Un critique new-yorkais avait écrit d'elle à son arrivée chez Selznick : " Imaginez la fiancée bien lavée d'un Vicking, mangeant des pêches à la crème dans de la porcelaine de Brest, le premier jour du printemps au sommet d'une falaise..."
Ce temps là est bien loin, tout est noir, tout est violence et passion là-bas sur le Stromboli, l'amour n'empêche pas la bagarre. Ingrid a écrit elle-même dans son livre de mémoires : " Je hurlai à Roberto : va te faire pendre avec tes films réalistes !...Je ne supporterai pas de travailler un jour de plus
avec toi ! " Elle a peur aussi, du manque de dialogues écrits et des comédiens amateurs, de la haine de Roberto pour ses producteurs, aux exigences pourtant logiques : où est le scénario ? Combien de semaines de tournage ? Qui écrit les dialogues ?,
A tout cela Rossellini répond avec mauvaise humeur qu'il invente lui même le scénario, que les acteurs seront doublés et qu'il n'a pas besoin de dialoguiste à ses trousses puisque les acteurs disent n'importe quoi pour l'instant et qu'il tournera le temps qu'il veut, au gré de sa créativité.Mais Ingrid continue de l'admirer et de l'aimer alors que tout est noir là-bas aussi, à Hollywood. Pia restera chez son père, les journalistes s'indignent, les ligues de morale explosent, les échotières, comme madame Parson, la plus terrible et la plus efficace démolisseuse de carrière, se mettent en première ligne, jusqu'au jour où l'ultimateum arrive sur les flancs du Stromboli. Il est expédié par un organisme de censure, créé par les producteurs de films, et chargé de veiller à " la sauvegarde de la moralité chrétienne dans le cinéma américain. Il est clair cet ultimatum, il souligne le " danger de détruire sa carrière ", " de décevoir le public américain ", l'effondrement du box-office, la noire menace d'un " complet désastre personnel ". Une seule solution lui est suggérée : publier un démenti catégorique, renier son amour pour Rossellini, annoncer son retour au bercail près de l'époux confiant et de sa petite fille inquète. Cette menace est suivie d'autres. Si la star persiste, si con nom s'éffondre au box-office, les derniers films tournés aux Etats-Unis et en passe d'être distribués ne le seront pas ou seronts des "fours". Donc, les réalisateurs perdront de l'argent, donc elle entraînera dans sa chute des gens qui lui ont fait confiance.

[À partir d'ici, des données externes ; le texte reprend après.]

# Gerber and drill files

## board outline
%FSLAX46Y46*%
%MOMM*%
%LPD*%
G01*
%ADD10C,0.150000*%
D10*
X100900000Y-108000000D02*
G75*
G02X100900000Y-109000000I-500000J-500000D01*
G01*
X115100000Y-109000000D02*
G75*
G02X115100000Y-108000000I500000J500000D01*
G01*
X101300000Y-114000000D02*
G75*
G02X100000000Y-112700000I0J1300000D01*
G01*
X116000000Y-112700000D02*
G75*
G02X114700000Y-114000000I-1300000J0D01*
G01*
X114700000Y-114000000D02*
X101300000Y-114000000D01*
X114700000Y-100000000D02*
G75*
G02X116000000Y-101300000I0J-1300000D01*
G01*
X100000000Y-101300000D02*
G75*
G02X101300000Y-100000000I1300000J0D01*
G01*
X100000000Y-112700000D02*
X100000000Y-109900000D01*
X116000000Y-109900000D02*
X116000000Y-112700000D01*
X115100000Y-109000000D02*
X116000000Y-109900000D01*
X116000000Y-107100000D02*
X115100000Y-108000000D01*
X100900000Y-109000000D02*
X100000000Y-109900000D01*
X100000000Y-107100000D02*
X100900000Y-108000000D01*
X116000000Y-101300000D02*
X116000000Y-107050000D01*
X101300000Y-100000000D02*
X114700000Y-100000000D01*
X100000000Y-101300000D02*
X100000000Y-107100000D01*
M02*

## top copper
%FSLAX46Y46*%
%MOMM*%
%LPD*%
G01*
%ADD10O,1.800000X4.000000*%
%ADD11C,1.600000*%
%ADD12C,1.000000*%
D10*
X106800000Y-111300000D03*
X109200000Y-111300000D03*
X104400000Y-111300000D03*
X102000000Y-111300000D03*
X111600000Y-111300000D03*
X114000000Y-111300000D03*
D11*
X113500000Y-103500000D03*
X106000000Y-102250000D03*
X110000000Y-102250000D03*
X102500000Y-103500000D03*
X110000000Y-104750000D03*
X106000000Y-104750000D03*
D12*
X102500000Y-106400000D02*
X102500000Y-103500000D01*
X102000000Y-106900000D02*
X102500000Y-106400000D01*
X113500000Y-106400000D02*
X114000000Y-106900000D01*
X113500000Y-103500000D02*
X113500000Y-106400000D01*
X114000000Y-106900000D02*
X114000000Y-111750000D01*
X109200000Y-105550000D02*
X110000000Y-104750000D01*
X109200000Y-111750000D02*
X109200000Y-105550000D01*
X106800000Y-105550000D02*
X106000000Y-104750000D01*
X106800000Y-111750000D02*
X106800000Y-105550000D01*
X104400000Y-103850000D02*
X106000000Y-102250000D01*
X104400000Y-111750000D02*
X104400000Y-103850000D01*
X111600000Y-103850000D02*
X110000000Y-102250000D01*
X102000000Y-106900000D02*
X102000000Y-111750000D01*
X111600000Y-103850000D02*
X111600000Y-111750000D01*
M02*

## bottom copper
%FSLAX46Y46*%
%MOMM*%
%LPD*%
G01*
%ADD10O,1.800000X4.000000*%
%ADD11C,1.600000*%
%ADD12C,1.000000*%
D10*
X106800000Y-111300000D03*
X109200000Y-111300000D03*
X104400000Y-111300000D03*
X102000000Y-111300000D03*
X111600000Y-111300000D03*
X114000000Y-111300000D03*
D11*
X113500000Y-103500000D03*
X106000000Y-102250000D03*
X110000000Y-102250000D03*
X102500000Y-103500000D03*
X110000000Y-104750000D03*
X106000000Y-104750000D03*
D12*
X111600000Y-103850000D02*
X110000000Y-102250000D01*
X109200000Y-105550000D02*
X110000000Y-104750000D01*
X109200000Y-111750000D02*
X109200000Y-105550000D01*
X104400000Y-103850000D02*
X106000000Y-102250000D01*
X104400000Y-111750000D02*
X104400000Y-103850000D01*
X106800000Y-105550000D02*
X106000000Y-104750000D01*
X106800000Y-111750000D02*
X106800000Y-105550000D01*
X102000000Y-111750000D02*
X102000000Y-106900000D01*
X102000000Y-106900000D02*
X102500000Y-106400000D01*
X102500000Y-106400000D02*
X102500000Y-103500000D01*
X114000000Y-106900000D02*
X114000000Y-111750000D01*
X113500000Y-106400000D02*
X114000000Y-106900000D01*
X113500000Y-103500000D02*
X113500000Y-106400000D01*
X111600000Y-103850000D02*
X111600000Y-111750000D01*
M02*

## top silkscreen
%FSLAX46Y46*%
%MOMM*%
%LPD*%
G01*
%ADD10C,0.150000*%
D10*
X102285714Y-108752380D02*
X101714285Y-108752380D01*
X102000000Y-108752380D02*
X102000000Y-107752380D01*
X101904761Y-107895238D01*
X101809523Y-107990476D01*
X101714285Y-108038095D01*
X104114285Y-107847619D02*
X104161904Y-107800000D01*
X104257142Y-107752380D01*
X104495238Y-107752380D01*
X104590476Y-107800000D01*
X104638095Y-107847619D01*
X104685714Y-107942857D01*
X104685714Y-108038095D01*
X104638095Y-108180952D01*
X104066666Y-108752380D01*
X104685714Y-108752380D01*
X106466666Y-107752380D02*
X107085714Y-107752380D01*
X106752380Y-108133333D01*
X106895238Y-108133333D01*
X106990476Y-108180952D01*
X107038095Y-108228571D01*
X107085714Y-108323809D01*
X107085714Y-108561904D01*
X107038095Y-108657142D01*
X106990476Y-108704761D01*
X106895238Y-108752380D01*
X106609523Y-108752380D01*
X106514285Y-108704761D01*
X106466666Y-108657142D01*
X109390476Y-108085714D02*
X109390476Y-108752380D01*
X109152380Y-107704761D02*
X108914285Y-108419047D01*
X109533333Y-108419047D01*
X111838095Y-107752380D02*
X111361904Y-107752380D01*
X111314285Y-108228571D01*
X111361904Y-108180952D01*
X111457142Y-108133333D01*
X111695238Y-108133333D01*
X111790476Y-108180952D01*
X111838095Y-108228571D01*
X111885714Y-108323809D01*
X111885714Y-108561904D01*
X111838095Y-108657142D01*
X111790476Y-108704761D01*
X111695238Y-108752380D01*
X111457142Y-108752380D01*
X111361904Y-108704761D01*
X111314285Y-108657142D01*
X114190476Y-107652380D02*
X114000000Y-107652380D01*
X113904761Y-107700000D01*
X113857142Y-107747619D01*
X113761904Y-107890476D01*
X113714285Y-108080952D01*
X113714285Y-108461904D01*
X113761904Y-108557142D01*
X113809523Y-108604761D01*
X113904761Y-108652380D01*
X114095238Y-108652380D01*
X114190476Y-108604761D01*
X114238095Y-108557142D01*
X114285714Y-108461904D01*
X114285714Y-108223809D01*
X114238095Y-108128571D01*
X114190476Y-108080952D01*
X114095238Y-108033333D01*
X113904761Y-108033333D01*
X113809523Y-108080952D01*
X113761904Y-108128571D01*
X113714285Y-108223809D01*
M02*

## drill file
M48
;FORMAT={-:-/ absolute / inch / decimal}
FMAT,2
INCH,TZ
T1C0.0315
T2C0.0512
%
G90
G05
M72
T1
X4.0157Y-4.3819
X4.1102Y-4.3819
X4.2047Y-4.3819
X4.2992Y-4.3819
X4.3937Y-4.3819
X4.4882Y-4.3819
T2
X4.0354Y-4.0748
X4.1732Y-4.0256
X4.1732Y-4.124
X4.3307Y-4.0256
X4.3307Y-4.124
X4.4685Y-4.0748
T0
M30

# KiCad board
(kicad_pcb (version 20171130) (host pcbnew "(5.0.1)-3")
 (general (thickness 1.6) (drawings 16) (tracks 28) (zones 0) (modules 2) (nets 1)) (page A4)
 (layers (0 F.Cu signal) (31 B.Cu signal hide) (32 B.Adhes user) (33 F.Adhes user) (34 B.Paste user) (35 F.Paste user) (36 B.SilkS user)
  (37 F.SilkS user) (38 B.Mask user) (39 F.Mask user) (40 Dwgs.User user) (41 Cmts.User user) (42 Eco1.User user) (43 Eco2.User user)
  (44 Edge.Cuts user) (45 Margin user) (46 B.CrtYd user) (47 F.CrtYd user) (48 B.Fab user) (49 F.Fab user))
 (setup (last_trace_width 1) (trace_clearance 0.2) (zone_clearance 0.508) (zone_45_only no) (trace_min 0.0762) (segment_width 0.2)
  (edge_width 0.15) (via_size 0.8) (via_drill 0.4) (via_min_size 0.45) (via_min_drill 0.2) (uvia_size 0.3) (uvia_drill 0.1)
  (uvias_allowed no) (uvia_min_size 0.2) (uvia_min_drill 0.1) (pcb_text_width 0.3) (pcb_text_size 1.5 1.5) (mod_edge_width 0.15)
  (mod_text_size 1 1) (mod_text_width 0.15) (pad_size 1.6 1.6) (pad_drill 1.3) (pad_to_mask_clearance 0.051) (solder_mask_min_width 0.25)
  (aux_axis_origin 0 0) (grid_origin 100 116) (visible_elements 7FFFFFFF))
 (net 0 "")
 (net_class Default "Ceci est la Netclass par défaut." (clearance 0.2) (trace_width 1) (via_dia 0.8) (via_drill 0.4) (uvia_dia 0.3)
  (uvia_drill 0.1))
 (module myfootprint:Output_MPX (layer F.Cu) (at 108 111.3)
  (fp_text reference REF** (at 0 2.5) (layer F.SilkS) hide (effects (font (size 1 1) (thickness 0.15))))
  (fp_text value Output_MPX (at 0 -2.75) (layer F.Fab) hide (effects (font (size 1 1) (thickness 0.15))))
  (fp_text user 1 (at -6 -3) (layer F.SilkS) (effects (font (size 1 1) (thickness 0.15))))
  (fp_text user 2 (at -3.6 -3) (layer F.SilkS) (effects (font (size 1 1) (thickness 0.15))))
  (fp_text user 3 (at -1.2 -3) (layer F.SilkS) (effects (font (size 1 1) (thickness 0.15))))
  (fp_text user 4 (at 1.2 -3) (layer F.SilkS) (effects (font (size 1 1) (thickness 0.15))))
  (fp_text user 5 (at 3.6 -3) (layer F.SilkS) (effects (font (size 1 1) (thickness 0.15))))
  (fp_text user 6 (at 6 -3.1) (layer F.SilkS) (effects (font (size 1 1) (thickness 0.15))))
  (pad 3 thru_hole oval (at -1.2 0) (size 1.8 4) (drill 0.8) (layers *.Cu *.Mask))
  (pad 4 thru_hole oval (at 1.2 0) (size 1.8 4) (drill 0.8) (layers *.Cu *.Mask))
  (pad 2 thru_hole oval (at -3.6 0) (size 1.8 4) (drill 0.8) (layers *.Cu *.Mask))
  (pad 1 thru_hole oval (at -6 0) (size 1.8 4) (drill 0.8) (layers *.Cu *.Mask))
  (pad 5 thru_hole oval (at 3.6 0) (size 1.8 4) (drill 0.8) (layers *.Cu *.Mask))
  (pad 6 thru_hole oval (at 6 0) (size 1.8 4) (drill 0.8) (layers *.Cu *.Mask)))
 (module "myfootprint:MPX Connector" (layer F.Cu) (at 108 103.5)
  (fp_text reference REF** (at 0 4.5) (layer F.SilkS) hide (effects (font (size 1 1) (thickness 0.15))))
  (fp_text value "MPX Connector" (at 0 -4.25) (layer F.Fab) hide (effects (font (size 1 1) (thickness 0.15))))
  (pad 6 thru_hole circle (at 5.5 0) (size 1.6 1.6) (drill 1.3) (layers *.Cu *.Mask))
  (pad 2 thru_hole circle (at -2 -1.25) (size 1.6 1.6) (drill 1.3) (layers *.Cu *.Mask))
  (pad 4 thru_hole circle (at 2 -1.25) (size 1.6 1.6) (drill 1.3) (layers *.Cu *.Mask))
  (pad 1 thru_hole circle (at -5.5 0) (size 1.6 1.6) (drill 1.3) (layers *.Cu *.Mask))
  (pad 5 thru_hole circle (at 2 1.25) (size 1.6 1.6) (drill 1.3) (layers *.Cu *.Mask))
  (pad 3 thru_hole circle (at -2 1.25) (size 1.6 1.6) (drill 1.3) (layers *.Cu *.Mask)))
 (gr_arc (start 100.4 108.5) (end 100.9 109) (angle -90) (layer Edge.Cuts) (width 0.15))
 (gr_arc (start 115.6 108.5) (end 115.1 108) (angle -90) (layer Edge.Cuts) (width 0.15))
 (gr_arc (start 101.3 112.7) (end 100 112.7) (angle -90) (layer Edge.Cuts) (width 0.15))
 (gr_arc (start 114.7 112.7) (end 114.7 114) (angle -90) (layer Edge.Cuts) (width 0.15))
 (gr_line (start 114.7 114) (end 101.3 114) (layer Edge.Cuts) (width 0.15))
 (gr_arc (start 114.7 101.3) (end 116 101.3) (angle -90) (layer Edge.Cuts) (width 0.15))
 (gr_arc (start 101.3 101.3) (end 101.3 100) (angle -90) (layer Edge.Cuts) (width 0.15))
 (gr_line (start 100 112.7) (end 100 109.9) (layer Edge.Cuts) (width 0.15))
 (gr_line (start 116 109.9) (end 116 112.7) (layer Edge.Cuts) (width 0.15))
 (gr_line (start 115.1 109) (end 116 109.9) (layer Edge.Cuts) (width 0.15))
 (gr_line (start 116 107.1) (end 115.1 108) (layer Edge.Cuts) (width 0.15))
 (gr_line (start 100.9 109) (end 100 109.9) (layer Edge.Cuts) (width 0.15))
 (gr_line (start 100 107.1) (end 100.9 108) (layer Edge.Cuts) (width 0.15))
 (gr_line (start 116 101.3) (end 116 107.05) (layer Edge.Cuts) (width 0.15))
 (gr_line (start 101.3 100) (end 114.7 100) (layer Edge.Cuts) (width 0.15))
 (gr_line (start 100 101.3) (end 100 107.1) (layer Edge.Cuts) (width 0.15))
 (segment (start 109.2 105.55) (end 110 104.75) (width 1) (layer F.Cu) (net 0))
 (segment (start 109.2 111.75) (end 109.2 105.55) (width 1) (layer F.Cu) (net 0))
 (segment (start 106.8 105.55) (end 106 104.75) (width 1) (layer F.Cu) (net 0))
 (segment (start 106.8 111.75) (end 106.8 105.55) (width 1) (layer F.Cu) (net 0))
 (segment (start 104.4 103.85) (end 106 102.25) (width 1) (layer F.Cu) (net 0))
 (segment (start 104.4 111.75) (end 104.4 103.85) (width 1) (layer F.Cu) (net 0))
 (segment (start 111.6 103.85) (end 110 102.25) (width 1) (layer F.Cu) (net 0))
 (segment (start 111.6 103.85) (end 110 102.25) (width 1) (layer B.Cu) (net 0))
 (segment (start 109.2 105.55) (end 110 104.75) (width 1) (layer B.Cu) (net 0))
 (segment (start 109.2 111.75) (end 109.2 105.55) (width 1) (layer B.Cu) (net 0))
 (segment (start 104.4 103.85) (end 106 102.25) (width 1) (layer B.Cu) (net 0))
 (segment (start 104.4 111.75) (end 104.4 103.85) (width 1) (layer B.Cu) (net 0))
 (segment (start 106.8 105.55) (end 106 104.75) (width 1) (layer B.Cu) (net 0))
 (segment (start 106.8 111.75) (end 106.8 105.55) (width 1) (layer B.Cu) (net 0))
 (segment (start 102 111.75) (end 102 106.9) (width 1) (layer B.Cu) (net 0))
 (segment (start 102 106.9) (end 102.5 106.4) (width 1) (layer B.Cu) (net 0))
 (segment (start 102.5 106.4) (end 102.5 103.5) (width 1) (layer B.Cu) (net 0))
 (segment (start 114 106.9) (end 114 111.75) (width 1) (layer B.Cu) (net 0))
 (segment (start 113.5 106.4) (end 114 106.9) (width 1) (layer B.Cu) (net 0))
 (segment (start 113.5 103.5) (end 113.5 106.4) (width 1) (layer B.Cu) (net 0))
 (segment (start 111.6 103.85) (end 111.6 111.75) (width 1) (layer F.Cu) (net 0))
 (segment (start 111.6 103.85) (end 111.6 111.75) (width 1) (layer B.Cu) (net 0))
 (segment (start 102 106.9) (end 102 111.75) (width 1) (layer F.Cu) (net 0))
 (segment (start 102 106.9) (end 102.5 106.4) (width 1) (layer F.Cu) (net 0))
 (segment (start 102.5 106.4) (end 102.5 103.5) (width 1) (layer F.Cu) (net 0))
 (segment (start 113.5 106.4) (end 114 106.9) (width 1) (layer F.Cu) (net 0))
 (segment (start 114 106.9) (end 114 111.75) (width 1) (layer F.Cu) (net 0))
 (segment (start 113.5 103.5) (end 113.5 106.4) (width 1) (layer F.Cu) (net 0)))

C'est épouvantable d'être jugée à la fois femme infidèle, mère indigne, et star décadente. Quelques rares amis la soutiennent dont Ernest Hemingway, mais n'est t-il pas lui même considéré comme un affreux marginal... et Rossellini ? Quel genre de chantage utilise t-il ? " Si tu me quittes , je me tue". "Stromboli" terminé , Ingrid s'aperçoit qu'elle attend un enfant de Roberto. Voilà qui ranime la passion des paparazzis pour ces amours délicieusement coupables. Comme beaucoup d'autres, Ingrid va vivre l'infernale existence en forme de labyrinthe qui est le lot des stars dans son cas. Ils sont partout les vautours à objectifs. Sur les toits de la clinique où elle doit accoucher, sur les balcons voisins, dans les buissons du parc, derrière les portes, dans les arbres. Ils utilisent tous les substerfuges, ils sont prêts à payer des fortunes aux malheureuses soeurs infirmières. Ils se déguisent en femmes enceintes, en télégraphistesn en courants d'air...Robertino Rossellini, fruit des amours scandaleuses de la star et de son metteur en scène, naîtra dans cette ambiance. Le film "Stromboli" chef-d'oeuvre attendu, sera un échec... D'ailleurs, rien ne marchera professionnellement entre Rossellini et Bergman. Il ne veut pas qu'elle tourne avec d'autres que lui. Il s'obstine à écrire pour elle, se privant ainsi de liberté, empoisonnant son talent par des contraintes inutiles. Pourquoi cette possessivité ? Ces exigences maladives ? Cinq films, cinq échecs publics semblent donner raison aux affreux producteurs américains qui voulaient cantonner Ingrid dans un personnage unique de femme pasteurisée. Mais le talent du réalisateur et celui de l'actrice ne sont pas en cause. C'est leur amour qui mène l'échec.